Question

Using Bohr’s atomic model, derive an equation for the radius of orbit of an electron.

Answer 1

Hint: In the Bohr model of the particle, electrons travel in characterized circles around the core. The circles are marked by a number, the quantum number n.

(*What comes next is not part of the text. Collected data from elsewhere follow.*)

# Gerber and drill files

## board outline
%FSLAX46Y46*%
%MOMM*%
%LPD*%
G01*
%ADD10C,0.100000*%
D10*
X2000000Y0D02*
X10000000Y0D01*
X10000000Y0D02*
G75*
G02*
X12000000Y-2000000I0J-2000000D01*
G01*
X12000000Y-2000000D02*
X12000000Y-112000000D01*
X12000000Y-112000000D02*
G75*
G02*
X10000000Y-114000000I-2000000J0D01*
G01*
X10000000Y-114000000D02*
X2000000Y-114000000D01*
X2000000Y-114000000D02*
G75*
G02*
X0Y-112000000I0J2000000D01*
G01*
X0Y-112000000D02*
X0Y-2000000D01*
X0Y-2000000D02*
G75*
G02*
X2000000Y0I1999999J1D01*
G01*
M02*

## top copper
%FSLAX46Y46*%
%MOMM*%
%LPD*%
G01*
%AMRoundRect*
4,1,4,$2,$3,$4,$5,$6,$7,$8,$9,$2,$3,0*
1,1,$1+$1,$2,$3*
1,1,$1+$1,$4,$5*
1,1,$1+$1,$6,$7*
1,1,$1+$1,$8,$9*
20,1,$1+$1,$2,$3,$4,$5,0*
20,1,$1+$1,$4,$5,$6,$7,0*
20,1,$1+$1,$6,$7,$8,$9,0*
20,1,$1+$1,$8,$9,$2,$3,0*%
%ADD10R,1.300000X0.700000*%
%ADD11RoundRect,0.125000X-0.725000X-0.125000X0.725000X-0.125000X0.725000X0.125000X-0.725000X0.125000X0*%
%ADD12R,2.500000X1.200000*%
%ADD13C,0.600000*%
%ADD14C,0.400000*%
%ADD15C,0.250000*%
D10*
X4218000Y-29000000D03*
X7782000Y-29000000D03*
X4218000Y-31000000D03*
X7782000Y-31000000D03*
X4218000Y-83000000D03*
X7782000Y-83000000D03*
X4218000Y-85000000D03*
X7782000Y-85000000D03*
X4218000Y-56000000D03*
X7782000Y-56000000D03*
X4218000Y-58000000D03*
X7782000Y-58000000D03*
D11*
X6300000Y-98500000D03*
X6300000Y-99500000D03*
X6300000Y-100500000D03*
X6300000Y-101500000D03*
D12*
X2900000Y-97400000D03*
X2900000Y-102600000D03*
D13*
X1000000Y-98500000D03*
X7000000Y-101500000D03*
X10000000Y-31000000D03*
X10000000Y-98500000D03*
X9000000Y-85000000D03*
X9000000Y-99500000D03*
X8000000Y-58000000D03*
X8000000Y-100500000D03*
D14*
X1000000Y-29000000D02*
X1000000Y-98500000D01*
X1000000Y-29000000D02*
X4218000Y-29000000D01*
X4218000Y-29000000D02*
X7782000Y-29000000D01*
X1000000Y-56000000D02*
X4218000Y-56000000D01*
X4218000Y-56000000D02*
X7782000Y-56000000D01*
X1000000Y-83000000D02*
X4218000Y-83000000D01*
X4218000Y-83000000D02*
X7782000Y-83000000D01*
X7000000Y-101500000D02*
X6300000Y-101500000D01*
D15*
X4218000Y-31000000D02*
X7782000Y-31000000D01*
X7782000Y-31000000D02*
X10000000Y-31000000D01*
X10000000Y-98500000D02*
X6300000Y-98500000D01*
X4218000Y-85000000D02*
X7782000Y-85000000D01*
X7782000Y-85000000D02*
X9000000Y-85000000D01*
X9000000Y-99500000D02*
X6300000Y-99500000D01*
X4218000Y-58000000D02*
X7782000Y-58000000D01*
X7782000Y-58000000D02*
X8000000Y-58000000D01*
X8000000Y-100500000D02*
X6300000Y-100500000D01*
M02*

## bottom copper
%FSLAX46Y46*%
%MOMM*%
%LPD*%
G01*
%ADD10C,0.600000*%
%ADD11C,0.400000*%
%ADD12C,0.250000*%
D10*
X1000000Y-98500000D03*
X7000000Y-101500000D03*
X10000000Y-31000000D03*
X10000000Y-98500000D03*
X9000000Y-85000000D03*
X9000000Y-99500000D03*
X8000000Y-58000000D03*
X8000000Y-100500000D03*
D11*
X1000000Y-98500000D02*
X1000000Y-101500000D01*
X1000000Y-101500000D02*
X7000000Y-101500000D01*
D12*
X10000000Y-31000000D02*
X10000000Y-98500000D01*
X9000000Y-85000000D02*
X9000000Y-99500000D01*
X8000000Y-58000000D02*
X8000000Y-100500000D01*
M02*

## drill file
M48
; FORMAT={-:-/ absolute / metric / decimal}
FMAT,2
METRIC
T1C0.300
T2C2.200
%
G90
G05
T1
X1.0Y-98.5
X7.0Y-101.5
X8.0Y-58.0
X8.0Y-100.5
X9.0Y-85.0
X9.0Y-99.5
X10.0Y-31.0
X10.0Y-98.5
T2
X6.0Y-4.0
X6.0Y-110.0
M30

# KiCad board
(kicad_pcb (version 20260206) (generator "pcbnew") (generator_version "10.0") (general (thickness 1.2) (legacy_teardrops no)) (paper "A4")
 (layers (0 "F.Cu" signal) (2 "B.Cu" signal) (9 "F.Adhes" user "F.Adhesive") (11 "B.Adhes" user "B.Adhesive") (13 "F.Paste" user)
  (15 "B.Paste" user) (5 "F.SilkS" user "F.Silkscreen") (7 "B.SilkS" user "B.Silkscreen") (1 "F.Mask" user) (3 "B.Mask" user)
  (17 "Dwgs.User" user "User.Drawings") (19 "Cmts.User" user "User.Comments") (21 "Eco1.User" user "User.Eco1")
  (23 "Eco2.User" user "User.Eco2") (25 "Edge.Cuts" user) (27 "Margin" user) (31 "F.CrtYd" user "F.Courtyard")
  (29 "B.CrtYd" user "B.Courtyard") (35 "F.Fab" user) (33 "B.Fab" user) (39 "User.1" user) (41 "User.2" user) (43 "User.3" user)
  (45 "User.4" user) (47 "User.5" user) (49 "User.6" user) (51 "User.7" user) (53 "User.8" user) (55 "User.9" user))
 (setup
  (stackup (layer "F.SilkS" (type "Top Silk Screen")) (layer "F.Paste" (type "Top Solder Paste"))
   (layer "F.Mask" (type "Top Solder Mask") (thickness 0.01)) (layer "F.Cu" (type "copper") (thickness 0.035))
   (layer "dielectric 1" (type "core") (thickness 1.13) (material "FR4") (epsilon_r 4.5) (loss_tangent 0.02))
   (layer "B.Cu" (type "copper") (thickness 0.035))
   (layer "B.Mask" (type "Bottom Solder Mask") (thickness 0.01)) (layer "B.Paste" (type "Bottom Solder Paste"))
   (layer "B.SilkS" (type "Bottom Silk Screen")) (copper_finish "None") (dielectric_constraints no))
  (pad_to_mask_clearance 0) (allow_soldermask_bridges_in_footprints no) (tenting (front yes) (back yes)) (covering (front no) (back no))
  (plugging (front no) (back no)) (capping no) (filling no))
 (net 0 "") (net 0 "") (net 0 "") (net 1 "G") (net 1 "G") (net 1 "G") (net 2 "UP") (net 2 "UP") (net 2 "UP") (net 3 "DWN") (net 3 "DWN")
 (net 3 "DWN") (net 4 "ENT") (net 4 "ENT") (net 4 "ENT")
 (gr_line (start 2 0) (end 10 0) (stroke (width 0.1) (type default)) (layer "Edge.Cuts"))
 (gr_arc (start 10 0) (mid 11.414214 0.585786) (end 12 2) (stroke (width 0.1) (type default)) (layer "Edge.Cuts"))
 (gr_line (start 12 2) (end 12 112) (stroke (width 0.1) (type default)) (layer "Edge.Cuts"))
 (gr_arc (start 12 112) (mid 11.414214 113.414214) (end 10 114) (stroke (width 0.1) (type default)) (layer "Edge.Cuts"))
 (gr_line (start 10 114) (end 2 114) (stroke (width 0.1) (type default)) (layer "Edge.Cuts"))
 (gr_arc (start 2 114) (mid 0.585786 113.414214) (end 0 112) (stroke (width 0.1) (type default)) (layer "Edge.Cuts"))
 (gr_line (start 0 112) (end 0 2) (stroke (width 0.1) (type default)) (layer "Edge.Cuts"))
 (gr_arc (start 0 2) (mid 0.585786 0.585786) (end 2 0) (stroke (width 0.1) (type default)) (layer "Edge.Cuts"))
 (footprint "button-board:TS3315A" (layer "F.Cu") (at 6 30)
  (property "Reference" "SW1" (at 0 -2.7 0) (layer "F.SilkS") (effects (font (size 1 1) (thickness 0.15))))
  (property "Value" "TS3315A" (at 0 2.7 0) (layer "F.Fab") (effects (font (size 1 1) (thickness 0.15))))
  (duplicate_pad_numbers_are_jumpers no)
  (pad "1" smd rect (at -1.782 -1.0) (size 1.3 0.7) (layers "F.Cu" "F.Mask" "F.Paste") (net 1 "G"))
  (pad "1" smd rect (at 1.782 -1.0) (size 1.3 0.7) (layers "F.Cu" "F.Mask" "F.Paste") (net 1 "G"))
  (pad "2" smd rect (at -1.782 1.0) (size 1.3 0.7) (layers "F.Cu" "F.Mask" "F.Paste") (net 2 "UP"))
  (pad "2" smd rect (at 1.782 1.0) (size 1.3 0.7) (layers "F.Cu" "F.Mask" "F.Paste") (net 2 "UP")))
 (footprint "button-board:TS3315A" (layer "F.Cu") (at 6 84)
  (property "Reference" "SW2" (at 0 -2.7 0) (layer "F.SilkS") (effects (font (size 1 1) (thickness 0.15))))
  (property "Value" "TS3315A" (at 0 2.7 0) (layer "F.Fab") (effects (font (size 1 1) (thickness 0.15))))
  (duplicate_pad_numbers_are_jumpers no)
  (pad "1" smd rect (at -1.782 -1.0) (size 1.3 0.7) (layers "F.Cu" "F.Mask" "F.Paste") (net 1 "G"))
  (pad "1" smd rect (at 1.782 -1.0) (size 1.3 0.7) (layers "F.Cu" "F.Mask" "F.Paste") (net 1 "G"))
  (pad "2" smd rect (at -1.782 1.0) (size 1.3 0.7) (layers "F.Cu" "F.Mask" "F.Paste") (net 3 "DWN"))
  (pad "2" smd rect (at 1.782 1.0) (size 1.3 0.7) (layers "F.Cu" "F.Mask" "F.Paste") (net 3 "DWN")))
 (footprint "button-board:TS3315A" (layer "F.Cu") (at 6 57)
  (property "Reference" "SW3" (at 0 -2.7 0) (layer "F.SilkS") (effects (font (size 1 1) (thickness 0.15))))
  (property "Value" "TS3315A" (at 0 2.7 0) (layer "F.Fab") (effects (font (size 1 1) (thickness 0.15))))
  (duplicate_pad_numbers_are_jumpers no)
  (pad "1" smd rect (at -1.782 -1.0) (size 1.3 0.7) (layers "F.Cu" "F.Mask" "F.Paste") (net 1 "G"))
  (pad "1" smd rect (at 1.782 -1.0) (size 1.3 0.7) (layers "F.Cu" "F.Mask" "F.Paste") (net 1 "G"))
  (pad "2" smd rect (at -1.782 1.0) (size 1.3 0.7) (layers "F.Cu" "F.Mask" "F.Paste") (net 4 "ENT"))
  (pad "2" smd rect (at 1.782 1.0) (size 1.3 0.7) (layers "F.Cu" "F.Mask" "F.Paste") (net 4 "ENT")))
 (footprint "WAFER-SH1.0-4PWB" (layer "F.Cu") (at 2 100)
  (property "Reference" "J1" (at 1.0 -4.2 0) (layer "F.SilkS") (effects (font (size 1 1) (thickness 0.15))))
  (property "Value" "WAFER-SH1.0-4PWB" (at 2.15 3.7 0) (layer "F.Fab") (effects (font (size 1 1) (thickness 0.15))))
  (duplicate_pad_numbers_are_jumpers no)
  (pad "1" smd roundrect (at 4.3 -1.5) (size 1.7 0.5) (layers "F.Cu" "F.Mask" "F.Paste") (roundrect_rratio 0.25) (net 2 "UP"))
  (pad "2" smd roundrect (at 4.3 -0.5) (size 1.7 0.5) (layers "F.Cu" "F.Mask" "F.Paste") (roundrect_rratio 0.25) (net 3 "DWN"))
  (pad "3" smd roundrect (at 4.3 0.5) (size 1.7 0.5) (layers "F.Cu" "F.Mask" "F.Paste") (roundrect_rratio 0.25) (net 4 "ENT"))
  (pad "4" smd roundrect (at 4.3 1.5) (size 1.7 0.5) (layers "F.Cu" "F.Mask" "F.Paste") (roundrect_rratio 0.25) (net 1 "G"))
  (pad "5" smd rect (at 0.9 -2.6) (size 2.5 1.2) (layers "F.Cu" "F.Mask" "F.Paste"))
  (pad "6" smd rect (at 0.9 2.6) (size 2.5 1.2) (layers "F.Cu" "F.Mask" "F.Paste")))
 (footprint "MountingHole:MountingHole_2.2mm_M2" (layer "F.Cu") (at 6 4) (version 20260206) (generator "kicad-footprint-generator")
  (layer "F.Cu")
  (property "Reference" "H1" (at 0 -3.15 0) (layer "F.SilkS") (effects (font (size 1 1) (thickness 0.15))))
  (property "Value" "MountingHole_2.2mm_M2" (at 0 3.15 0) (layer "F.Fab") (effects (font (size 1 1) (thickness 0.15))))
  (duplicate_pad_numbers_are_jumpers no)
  (pad "" np_thru_hole circle (at 0 0) (size 2.2 2.2) (drill 2.2) (layers "*.Cu" "*.Mask")))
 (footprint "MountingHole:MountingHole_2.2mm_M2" (layer "F.Cu") (at 6 110) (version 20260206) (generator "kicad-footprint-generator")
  (layer "F.Cu")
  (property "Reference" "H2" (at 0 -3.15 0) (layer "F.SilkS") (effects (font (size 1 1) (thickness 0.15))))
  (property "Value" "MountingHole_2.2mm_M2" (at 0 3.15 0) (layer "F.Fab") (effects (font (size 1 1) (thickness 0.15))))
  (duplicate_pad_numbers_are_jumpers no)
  (pad "" np_thru_hole circle (at 0 0) (size 2.2 2.2) (drill 2.2) (layers "*.Cu" "*.Mask")))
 (segment (start 1 29) (end 1 98.5) (width 0.4) (layer "F.Cu") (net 1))
 (segment (start 1 29) (end 4.218 29) (width 0.4) (layer "F.Cu") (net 1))
 (segment (start 4.218 29) (end 7.782 29) (width 0.4) (layer "F.Cu") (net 1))
 (segment (start 1 56) (end 4.218 56) (width 0.4) (layer "F.Cu") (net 1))
 (segment (start 4.218 56) (end 7.782 56) (width 0.4) (layer "F.Cu") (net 1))
 (segment (start 1 83) (end 4.218 83) (width 0.4) (layer "F.Cu") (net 1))
 (segment (start 4.218 83) (end 7.782 83) (width 0.4) (layer "F.Cu") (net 1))
 (via (at 1 98.5) (size 0.6) (drill 0.3) (layers "F.Cu" "B.Cu") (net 1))
 (segment (start 1 98.5) (end 1 101.5) (width 0.4) (layer "B.Cu") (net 1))
 (segment (start 1 101.5) (end 7.0 101.5) (width 0.4) (layer "B.Cu") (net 1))
 (via (at 7.0 101.5) (size 0.6) (drill 0.3) (layers "F.Cu" "B.Cu") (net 1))
 (segment (start 7.0 101.5) (end 6.3 101.5) (width 0.4) (layer "F.Cu") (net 1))
 (segment (start 4.218 31) (end 7.782 31) (width 0.25) (layer "F.Cu") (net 2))
 (segment (start 7.782 31) (end 10 31) (width 0.25) (layer "F.Cu") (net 2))
 (via (at 10 31) (size 0.6) (drill 0.3) (layers "F.Cu" "B.Cu") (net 2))
 (segment (start 10 31) (end 10 98.5) (width 0.25) (layer "B.Cu") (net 2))
 (via (at 10 98.5) (size 0.6) (drill 0.3) (layers "F.Cu" "B.Cu") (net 2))
 (segment (start 10 98.5) (end 6.3 98.5) (width 0.25) (layer "F.Cu") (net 2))
 (segment (start 4.218 85) (end 7.782 85) (width 0.25) (layer "F.Cu") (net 3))
 (segment (start 7.782 85) (end 9 85) (width 0.25) (layer "F.Cu") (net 3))
 (via (at 9 85) (size 0.6) (drill 0.3) (layers "F.Cu" "B.Cu") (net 3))
 (segment (start 9 85) (end 9 99.5) (width 0.25) (layer "B.Cu") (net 3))
 (via (at 9 99.5) (size 0.6) (drill 0.3) (layers "F.Cu" "B.Cu") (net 3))
 (segment (start 9 99.5) (end 6.3 99.5) (width 0.25) (layer "F.Cu") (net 3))
 (segment (start 4.218 58) (end 7.782 58) (width 0.25) (layer "F.Cu") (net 4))
 (segment (start 7.782 58) (end 8 58) (width 0.25) (layer "F.Cu") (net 4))
 (via (at 8 58) (size 0.6) (drill 0.3) (layers "F.Cu" "B.Cu") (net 4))
 (segment (start 8 58) (end 8 100.5) (width 0.25) (layer "B.Cu") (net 4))
 (via (at 8 100.5) (size 0.6) (drill 0.3) (layers "F.Cu" "B.Cu") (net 4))
 (segment (start 8 100.5) (end 6.3 100.5) (width 0.25) (layer "F.Cu") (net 4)))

Electrons can bounce starting with one circle then onto the next by transmitting or engrossing energy.
We realize that the Bohr Model has a few mistakes, however, utilized on account of its basic way to deal with the nuclear hypothesis.
The Bohr model was additionally the primary nuclear model to fuse the quantum hypothesis, implying that it's the archetype of the present more exact quantum-mechanical models.
The Bohr model turns out just for hydrogen since it considers just the connections between one electron and the core.
The Bohr model depends on the energy levels of one electron circling a core at different energy levels. Some other electrons in the molecule will repulse the one-electron and change its energy level
Formula used:
$l = \dfrac{{nh}}{{2\pi }}$
$l = $angular momentum
$n = $principal quantum number
$h = $planck’s constant

Complete step by step solution:
Let,
$mvr = \dfrac{nh}{2 \pi}$...........(1)
$\dfrac{mv^2}{r}= \dfrac{kZe^2}{r^2}$.........(2)
Cancel out $r$ on both sides
\[\Rightarrow r = \dfrac{{Kz{e^2}}}{{m{v^2}}}\]from \[(2)\]
\[\Rightarrow V = \dfrac{{nh}}{{2\pi \times mr}}\]from \[(1)\]
Put \['V'\],\['m'\],\['r'\]in \[(2)\]
$\Rightarrow r = \dfrac{{Kz{e^2}}}{m} \times \dfrac{{{{(2\pi )}^2}{m^2}{r^2}}}{{{{(nh)}^2}}}$
Taking reciprocal
$\Rightarrow r = \dfrac{{m{{(nh)}^2}}}{{Kz{e^2}(4{\pi ^2}){m^2}}}$
Cancel out m,
$\Rightarrow r = (\dfrac{{{h^2}}}{{mKz{e^2}4{\pi ^2}}})\dfrac{{{n^2}}}{z}$

Note: These types of questions are directly from the theory of bohr’s model. electrons revolve around the nucleus in a circular path due to centripetal force provided by electrostatic attraction between electrons and protons.